Both primary (our family) and secondary (education) socialisations can draw upon psychological ideas. For example, Albert Bandura created the idea of the Social Learning Theory which focuses upon the aspect of behaviourist psychology. Behaviourist psychology draws upon the idea that external stimulus, or the effects of our environment, affect the way we behave. This suggests that we learn our behaviour through the ways of conditioning and observation (Newburn, 2007). The use of Bandura’s Social Learning Theory can be linked to a real life scenario. For example, the James Bulger case can very easily be linked in here in relation to the family aspects of both Jon Venables and Robert Thompson. Robert’s father, particularly, showed a violent disposition, and repeatedly beat Robert’s mother. This could therefore clarify the idea of the Social Learning Theory, in that, through observation, Robert learnt these violent traits and, therefore, thought that it was an acceptable behaviour to have (Scott, 2012).  In relation to Bandura’s theory, Sutherland also created a theory, known as Differential Association, which suggests that interaction with other likeminded persons, leads on to having the influence of their behaviour, and creating a criminal subdivision through society (Hopkins Burke, 2009). Both of these theories can be linked to both the family (primary socialisation) and education (secondary socialisation).    

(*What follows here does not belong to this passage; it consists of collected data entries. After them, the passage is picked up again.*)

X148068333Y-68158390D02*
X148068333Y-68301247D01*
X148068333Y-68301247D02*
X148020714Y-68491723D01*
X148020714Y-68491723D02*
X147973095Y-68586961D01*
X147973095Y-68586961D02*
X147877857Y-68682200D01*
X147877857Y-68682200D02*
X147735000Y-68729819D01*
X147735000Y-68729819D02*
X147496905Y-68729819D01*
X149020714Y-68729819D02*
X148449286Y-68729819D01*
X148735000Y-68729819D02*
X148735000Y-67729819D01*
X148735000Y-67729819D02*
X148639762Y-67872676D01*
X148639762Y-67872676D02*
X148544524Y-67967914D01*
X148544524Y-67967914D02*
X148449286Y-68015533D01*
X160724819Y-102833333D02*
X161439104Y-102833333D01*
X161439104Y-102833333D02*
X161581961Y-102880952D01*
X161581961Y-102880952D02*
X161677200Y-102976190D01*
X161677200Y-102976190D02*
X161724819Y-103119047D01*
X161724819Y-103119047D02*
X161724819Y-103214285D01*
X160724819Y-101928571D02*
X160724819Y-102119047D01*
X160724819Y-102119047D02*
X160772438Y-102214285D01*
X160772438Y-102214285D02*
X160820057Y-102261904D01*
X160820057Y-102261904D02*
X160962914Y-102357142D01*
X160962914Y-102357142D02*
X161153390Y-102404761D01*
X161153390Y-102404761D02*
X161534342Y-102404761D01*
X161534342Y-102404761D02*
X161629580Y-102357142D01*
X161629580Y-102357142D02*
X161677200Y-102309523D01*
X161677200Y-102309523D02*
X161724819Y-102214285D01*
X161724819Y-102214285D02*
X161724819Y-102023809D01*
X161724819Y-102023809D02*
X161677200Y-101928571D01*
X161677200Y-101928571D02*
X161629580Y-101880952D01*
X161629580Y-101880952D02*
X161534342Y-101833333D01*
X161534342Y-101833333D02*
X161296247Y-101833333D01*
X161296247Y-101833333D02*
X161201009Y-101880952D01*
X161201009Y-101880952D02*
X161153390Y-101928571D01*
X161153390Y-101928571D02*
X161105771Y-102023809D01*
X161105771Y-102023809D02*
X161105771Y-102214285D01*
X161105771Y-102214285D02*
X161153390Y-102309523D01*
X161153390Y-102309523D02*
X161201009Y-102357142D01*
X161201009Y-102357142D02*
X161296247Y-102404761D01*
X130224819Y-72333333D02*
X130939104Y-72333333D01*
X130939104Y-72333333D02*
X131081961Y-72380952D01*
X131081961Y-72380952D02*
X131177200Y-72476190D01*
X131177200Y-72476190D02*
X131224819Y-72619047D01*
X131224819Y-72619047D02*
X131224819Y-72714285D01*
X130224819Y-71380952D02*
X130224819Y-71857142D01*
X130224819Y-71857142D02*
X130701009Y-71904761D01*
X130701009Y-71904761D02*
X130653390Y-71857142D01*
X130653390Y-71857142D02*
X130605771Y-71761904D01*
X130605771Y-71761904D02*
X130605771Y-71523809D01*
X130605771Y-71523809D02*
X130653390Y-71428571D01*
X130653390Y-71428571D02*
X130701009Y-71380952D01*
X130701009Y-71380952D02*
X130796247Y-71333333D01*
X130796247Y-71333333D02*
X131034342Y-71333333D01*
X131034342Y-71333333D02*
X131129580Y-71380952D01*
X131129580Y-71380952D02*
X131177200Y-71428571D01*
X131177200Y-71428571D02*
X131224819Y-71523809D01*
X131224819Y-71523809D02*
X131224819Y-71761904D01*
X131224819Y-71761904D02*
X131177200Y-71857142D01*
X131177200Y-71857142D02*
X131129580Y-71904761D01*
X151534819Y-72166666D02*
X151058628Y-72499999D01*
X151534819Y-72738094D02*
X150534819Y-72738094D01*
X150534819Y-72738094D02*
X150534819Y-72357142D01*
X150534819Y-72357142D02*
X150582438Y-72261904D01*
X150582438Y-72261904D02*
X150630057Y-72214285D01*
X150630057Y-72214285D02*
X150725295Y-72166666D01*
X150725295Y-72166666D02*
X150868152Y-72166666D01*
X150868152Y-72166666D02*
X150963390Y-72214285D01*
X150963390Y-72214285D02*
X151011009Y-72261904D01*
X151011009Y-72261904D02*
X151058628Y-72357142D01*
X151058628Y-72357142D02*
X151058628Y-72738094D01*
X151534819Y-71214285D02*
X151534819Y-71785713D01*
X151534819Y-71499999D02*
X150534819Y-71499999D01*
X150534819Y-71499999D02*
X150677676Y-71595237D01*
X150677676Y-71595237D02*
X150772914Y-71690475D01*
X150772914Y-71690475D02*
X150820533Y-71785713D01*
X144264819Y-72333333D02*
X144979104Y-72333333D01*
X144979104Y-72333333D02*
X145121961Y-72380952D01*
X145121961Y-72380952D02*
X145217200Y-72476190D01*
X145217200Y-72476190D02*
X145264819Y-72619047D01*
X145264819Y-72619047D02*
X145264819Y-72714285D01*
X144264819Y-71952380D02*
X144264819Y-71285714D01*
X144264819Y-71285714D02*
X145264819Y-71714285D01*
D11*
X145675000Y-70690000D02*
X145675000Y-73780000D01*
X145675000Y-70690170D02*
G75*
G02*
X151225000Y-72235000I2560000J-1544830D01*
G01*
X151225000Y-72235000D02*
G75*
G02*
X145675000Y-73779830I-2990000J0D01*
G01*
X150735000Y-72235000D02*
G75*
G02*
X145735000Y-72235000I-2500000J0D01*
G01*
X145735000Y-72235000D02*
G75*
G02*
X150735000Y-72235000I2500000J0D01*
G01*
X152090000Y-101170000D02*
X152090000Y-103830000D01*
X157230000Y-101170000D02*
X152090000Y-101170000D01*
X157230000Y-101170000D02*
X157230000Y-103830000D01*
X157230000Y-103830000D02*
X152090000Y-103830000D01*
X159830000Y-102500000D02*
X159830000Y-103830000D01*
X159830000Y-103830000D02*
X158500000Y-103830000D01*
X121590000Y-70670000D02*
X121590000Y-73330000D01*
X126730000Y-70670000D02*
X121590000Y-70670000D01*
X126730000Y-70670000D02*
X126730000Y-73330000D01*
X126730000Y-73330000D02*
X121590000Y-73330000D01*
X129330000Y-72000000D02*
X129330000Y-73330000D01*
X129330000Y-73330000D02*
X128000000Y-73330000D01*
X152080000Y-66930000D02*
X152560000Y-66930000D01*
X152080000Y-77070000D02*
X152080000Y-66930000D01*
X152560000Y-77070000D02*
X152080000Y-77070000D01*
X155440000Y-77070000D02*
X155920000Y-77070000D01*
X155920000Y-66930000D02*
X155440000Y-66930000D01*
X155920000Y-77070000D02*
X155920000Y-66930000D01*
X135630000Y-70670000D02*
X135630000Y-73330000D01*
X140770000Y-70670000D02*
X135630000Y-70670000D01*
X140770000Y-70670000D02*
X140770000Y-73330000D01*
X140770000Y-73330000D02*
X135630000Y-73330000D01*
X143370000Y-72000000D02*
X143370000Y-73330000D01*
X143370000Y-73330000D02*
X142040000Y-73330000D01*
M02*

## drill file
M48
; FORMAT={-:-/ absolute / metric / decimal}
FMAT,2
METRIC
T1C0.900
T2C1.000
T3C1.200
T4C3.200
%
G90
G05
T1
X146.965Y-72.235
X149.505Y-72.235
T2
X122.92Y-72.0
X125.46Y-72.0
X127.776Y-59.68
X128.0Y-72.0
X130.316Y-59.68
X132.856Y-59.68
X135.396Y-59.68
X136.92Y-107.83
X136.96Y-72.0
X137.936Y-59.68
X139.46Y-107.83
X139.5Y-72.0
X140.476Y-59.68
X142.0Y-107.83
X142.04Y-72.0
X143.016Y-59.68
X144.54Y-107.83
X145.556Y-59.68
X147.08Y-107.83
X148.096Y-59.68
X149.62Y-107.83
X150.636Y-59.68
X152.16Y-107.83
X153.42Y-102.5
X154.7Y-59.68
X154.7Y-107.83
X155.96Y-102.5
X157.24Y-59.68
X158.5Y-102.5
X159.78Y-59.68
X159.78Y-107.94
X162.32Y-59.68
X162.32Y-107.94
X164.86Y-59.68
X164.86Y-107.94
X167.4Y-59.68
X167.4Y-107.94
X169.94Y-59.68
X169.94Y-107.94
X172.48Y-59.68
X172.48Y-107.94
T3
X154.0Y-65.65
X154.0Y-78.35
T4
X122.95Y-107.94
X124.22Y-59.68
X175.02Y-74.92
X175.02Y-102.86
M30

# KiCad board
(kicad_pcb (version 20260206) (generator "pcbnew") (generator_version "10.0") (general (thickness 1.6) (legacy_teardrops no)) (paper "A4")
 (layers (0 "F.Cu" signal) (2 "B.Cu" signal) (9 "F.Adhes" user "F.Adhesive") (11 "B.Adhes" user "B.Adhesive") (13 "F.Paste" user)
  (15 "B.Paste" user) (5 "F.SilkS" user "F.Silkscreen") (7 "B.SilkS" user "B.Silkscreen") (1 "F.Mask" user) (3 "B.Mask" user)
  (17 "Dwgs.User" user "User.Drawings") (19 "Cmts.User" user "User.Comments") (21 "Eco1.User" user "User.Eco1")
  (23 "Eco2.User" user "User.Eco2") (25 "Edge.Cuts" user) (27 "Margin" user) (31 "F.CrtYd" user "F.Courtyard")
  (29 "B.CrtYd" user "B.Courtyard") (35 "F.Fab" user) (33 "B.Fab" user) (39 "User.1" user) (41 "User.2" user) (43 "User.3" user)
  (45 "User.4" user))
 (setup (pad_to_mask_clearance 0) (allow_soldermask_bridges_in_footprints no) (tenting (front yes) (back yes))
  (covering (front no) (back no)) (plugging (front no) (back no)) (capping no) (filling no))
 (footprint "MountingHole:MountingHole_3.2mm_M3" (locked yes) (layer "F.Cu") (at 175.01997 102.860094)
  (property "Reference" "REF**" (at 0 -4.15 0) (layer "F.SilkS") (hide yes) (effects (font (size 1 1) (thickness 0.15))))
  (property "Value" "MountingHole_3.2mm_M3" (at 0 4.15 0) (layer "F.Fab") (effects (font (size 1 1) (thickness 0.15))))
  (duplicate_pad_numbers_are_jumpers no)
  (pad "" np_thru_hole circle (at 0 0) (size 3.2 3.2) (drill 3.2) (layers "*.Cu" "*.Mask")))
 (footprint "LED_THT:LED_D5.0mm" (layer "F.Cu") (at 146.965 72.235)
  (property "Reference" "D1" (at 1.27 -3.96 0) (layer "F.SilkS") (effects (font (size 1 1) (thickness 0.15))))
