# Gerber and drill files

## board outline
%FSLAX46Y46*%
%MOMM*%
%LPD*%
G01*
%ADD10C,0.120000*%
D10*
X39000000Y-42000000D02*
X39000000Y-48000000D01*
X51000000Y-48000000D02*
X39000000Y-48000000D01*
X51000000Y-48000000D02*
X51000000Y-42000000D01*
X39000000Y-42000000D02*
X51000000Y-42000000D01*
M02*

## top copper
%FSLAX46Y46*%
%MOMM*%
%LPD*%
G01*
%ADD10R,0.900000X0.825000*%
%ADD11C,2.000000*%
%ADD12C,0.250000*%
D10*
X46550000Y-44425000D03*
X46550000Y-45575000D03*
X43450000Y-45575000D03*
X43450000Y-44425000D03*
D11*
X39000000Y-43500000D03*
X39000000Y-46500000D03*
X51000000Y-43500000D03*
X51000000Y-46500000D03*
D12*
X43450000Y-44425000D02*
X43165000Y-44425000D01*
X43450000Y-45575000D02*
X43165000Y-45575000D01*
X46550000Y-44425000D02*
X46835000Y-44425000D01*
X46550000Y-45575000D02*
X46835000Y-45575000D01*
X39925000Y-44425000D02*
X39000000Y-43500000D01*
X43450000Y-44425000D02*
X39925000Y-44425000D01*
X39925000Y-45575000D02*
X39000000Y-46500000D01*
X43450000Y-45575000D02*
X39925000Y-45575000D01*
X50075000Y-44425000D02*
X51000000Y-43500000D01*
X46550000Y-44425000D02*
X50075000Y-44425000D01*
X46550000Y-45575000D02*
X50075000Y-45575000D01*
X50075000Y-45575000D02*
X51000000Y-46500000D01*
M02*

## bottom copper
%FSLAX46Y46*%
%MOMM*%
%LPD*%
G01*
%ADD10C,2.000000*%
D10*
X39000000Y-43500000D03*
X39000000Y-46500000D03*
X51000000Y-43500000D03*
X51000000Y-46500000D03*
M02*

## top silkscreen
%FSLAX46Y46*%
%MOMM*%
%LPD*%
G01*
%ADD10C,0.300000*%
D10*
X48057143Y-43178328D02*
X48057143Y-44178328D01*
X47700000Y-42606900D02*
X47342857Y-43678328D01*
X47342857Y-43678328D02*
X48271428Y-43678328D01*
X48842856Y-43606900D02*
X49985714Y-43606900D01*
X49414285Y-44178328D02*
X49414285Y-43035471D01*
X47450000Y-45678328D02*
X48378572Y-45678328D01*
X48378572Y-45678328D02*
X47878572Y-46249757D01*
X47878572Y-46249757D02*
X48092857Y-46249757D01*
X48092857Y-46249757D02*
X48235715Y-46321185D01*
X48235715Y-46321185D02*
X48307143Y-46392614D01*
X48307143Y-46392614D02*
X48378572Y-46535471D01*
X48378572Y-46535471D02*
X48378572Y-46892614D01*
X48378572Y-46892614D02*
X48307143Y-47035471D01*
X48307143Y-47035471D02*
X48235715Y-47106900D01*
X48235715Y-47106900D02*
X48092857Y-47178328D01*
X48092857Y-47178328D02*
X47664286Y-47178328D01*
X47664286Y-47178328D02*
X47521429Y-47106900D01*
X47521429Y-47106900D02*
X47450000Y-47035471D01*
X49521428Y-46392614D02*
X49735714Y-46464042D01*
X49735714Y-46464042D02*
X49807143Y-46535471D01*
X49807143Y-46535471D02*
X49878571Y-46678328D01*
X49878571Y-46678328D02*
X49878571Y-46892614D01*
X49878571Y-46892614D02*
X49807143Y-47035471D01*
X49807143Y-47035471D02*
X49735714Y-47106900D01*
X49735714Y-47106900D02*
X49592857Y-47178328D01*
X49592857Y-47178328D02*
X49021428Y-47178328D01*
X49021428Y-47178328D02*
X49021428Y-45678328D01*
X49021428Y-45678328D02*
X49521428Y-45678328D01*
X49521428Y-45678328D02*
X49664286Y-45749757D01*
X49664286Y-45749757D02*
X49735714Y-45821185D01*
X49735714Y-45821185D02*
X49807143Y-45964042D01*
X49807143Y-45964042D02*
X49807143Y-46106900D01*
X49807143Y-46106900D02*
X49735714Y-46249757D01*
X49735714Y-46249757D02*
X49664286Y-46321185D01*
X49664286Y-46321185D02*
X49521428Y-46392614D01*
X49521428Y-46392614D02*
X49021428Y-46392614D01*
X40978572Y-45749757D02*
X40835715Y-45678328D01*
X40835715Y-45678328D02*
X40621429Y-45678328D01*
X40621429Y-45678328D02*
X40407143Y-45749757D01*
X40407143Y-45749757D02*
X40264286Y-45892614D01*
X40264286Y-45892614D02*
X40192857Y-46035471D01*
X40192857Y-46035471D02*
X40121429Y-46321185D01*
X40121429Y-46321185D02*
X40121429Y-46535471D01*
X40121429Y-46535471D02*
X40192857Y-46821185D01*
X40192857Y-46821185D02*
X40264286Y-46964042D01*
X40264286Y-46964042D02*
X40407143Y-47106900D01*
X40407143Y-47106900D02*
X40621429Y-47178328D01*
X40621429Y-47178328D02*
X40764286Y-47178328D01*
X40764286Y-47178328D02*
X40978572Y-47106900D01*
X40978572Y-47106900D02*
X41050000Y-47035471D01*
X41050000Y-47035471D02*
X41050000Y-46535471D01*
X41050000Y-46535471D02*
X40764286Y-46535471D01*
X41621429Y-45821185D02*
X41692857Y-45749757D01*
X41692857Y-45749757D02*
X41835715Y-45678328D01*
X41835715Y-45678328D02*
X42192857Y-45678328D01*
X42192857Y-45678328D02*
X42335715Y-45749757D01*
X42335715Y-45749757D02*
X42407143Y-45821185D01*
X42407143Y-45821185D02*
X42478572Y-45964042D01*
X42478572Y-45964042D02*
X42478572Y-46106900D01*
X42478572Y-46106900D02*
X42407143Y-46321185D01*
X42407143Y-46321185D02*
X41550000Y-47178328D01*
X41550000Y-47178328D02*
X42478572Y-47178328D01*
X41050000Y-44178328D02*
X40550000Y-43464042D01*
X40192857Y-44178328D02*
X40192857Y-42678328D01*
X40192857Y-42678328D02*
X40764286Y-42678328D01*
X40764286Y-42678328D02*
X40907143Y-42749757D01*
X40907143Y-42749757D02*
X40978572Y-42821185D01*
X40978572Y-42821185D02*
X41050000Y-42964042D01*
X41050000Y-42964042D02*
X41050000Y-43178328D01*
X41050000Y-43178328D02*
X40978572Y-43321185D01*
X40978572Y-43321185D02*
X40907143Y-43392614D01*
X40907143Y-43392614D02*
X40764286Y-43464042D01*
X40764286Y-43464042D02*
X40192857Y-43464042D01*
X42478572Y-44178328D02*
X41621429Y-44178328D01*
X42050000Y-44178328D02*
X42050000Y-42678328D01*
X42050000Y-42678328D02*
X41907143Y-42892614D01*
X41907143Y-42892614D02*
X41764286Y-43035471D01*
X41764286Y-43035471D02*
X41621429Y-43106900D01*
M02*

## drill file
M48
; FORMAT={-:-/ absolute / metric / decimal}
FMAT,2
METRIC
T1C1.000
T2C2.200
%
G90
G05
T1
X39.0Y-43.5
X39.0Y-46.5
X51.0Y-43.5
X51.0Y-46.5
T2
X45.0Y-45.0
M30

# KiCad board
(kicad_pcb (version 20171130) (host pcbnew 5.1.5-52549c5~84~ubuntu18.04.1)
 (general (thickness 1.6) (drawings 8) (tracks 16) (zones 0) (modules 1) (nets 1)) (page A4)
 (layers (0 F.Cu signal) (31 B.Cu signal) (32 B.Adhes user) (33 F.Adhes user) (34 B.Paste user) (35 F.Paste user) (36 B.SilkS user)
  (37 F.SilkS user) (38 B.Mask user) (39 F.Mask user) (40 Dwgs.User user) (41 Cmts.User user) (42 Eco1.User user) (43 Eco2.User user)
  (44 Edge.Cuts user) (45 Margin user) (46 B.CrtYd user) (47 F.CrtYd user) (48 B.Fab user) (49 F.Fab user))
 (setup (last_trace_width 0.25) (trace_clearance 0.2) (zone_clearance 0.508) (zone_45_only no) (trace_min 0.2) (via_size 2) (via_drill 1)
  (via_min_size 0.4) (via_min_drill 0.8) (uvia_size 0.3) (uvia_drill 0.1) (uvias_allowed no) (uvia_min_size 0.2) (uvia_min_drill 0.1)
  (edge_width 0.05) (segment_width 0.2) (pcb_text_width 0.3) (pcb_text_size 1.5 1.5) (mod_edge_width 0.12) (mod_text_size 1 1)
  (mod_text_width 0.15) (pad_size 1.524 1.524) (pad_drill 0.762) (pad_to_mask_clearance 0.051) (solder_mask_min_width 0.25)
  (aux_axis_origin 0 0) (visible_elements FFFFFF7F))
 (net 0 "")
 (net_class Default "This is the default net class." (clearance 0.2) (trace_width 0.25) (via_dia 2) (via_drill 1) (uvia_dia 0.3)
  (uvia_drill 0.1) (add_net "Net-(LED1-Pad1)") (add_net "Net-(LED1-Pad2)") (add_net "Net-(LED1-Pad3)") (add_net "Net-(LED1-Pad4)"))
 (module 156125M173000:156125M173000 (layer F.Cu) (at 45 45)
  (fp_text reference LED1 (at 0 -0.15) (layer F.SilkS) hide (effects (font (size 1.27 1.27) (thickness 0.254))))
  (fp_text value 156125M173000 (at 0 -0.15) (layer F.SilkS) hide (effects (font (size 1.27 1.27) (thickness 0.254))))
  (pad "" np_thru_hole circle (at 0 0 90) (size 2.2 2.2) (drill 2.2) (layers *.Cu *.Mask))
  (pad 4 smd rect (at 1.55 -0.575 90) (size 0.825 0.9) (layers F.Cu F.Paste F.Mask))
  (pad 3 smd rect (at 1.55 0.575 90) (size 0.825 0.9) (layers F.Cu F.Paste F.Mask))
  (pad 2 smd rect (at -1.55 0.575 90) (size 0.825 0.9) (layers F.Cu F.Paste F.Mask))
  (pad 1 smd rect (at -1.55 -0.575 90) (size 0.825 0.9) (layers F.Cu F.Paste F.Mask)))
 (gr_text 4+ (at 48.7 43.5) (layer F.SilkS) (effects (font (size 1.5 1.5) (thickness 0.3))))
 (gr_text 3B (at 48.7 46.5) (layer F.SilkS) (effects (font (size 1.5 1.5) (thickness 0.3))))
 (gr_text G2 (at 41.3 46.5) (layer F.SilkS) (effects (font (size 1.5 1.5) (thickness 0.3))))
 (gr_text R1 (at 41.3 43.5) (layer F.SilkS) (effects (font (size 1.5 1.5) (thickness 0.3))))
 (gr_line (start 39 42) (end 39 48) (layer Edge.Cuts) (width 0.12))
 (gr_line (start 51 48) (end 39 48) (layer Edge.Cuts) (width 0.12))
 (gr_line (start 51 48) (end 51 42) (layer Edge.Cuts) (width 0.12))
 (gr_line (start 39 42) (end 51 42) (layer Edge.Cuts) (width 0.12))
 (segment (start 43.45 44.425) (end 43.165 44.425) (width 0.25) (layer F.Cu) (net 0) (status 30))
 (segment (start 43.45 45.575) (end 43.165 45.575) (width 0.25) (layer F.Cu) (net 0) (status 30))
 (segment (start 46.55 44.425) (end 46.835 44.425) (width 0.25) (layer F.Cu) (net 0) (status 30))
 (segment (start 46.55 45.575) (end 46.835 45.575) (width 0.25) (layer F.Cu) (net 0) (status 30))
 (via (at 39 43.5) (size 2) (drill 1) (layers F.Cu B.Cu) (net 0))
 (via (at 39 46.5) (size 2) (drill 1) (layers F.Cu B.Cu) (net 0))
 (segment (start 39.925 44.425) (end 39 43.5) (width 0.25) (layer F.Cu) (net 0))
 (segment (start 43.45 44.425) (end 39.925 44.425) (width 0.25) (layer F.Cu) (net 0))
 (segment (start 39.925 45.575) (end 39 46.5) (width 0.25) (layer F.Cu) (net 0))
 (segment (start 43.45 45.575) (end 39.925 45.575) (width 0.25) (layer F.Cu) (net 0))
 (via (at 51 43.5) (size 2) (drill 1) (layers F.Cu B.Cu) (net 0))
 (segment (start 50.075 44.425) (end 51 43.5) (width 0.25) (layer F.Cu) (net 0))
 (segment (start 46.55 44.425) (end 50.075 44.425) (width 0.25) (layer F.Cu) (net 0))
 (via (at 51 46.5) (size 2) (drill 1) (layers F.Cu B.Cu) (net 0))
 (segment (start 46.55 45.575) (end 50.075 45.575) (width 0.25) (layer F.Cu) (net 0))
 (segment (start 50.075 45.575) (end 51 46.5) (width 0.25) (layer F.Cu) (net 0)))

Farrington (2008), conducted a study in 1990 focusing around the parental influences on children, or primary socialisation. His study, known as the Cambridge Study in Delinquent Development, looked at the risk factors amongst 411 boys from London. His study showed that parental influences and a lack of care and control over their child were main causes of childhood delinquency.


In addition, the family’s social class background can also be used as an idea to function both primary and secondary socialisation. The associations that we have with others from our own social class affect how we behave. As White (1977) writes, the mixing of others within your own social class produces behaviours associated with these. For example, middle class families tend to be highly educated, and have a sense of belonging through that particular social class, whereas, in contrast, working class families tend to be slightly more dysfunctional, often worried about money and, due to the nature of a mothers’ activities, her children develop through the influence of their peers (White, 1977). The effects of social class upon education link to criminality. For example, the work of Willis explains that some working class jobs are stereotyped or of a dead-end nature. These are often dull, profitless and uninspiring (Macleod, 1995). In some circumstances, other classes, such as the underclass, may find it necessary to turn to the aspect of crime, due to the low pay that the job provides, or in some cases, because they lack a job. In 1990, Charles Murray derived ideas surrounding the underclass. He suggests that there has been a decline in the socialisation of, in particular, young males, due to the lack of sufficient role models (Newburn, 2007). He later then describes the effect of broken, divorced families. This, according to Murray is one of the main reasons behind young males turning to crime (Newburn, 2007). Language of different classes also affects both education and criminality. Bernstein’s work on restricted and elaborated codes (Lawton, 1968, p.80), suggests that negative labelling can take place within the education system; that those who speak well, or using an elaborated code, will succeed more than those who speak in a poor manner, or with a restricted code. (Gammage, 1982). This then links back to Willis’ work on working class jobs, suggesting that lower educational attainment provides lower income jobs, as a consequence of the negativity of the education system.  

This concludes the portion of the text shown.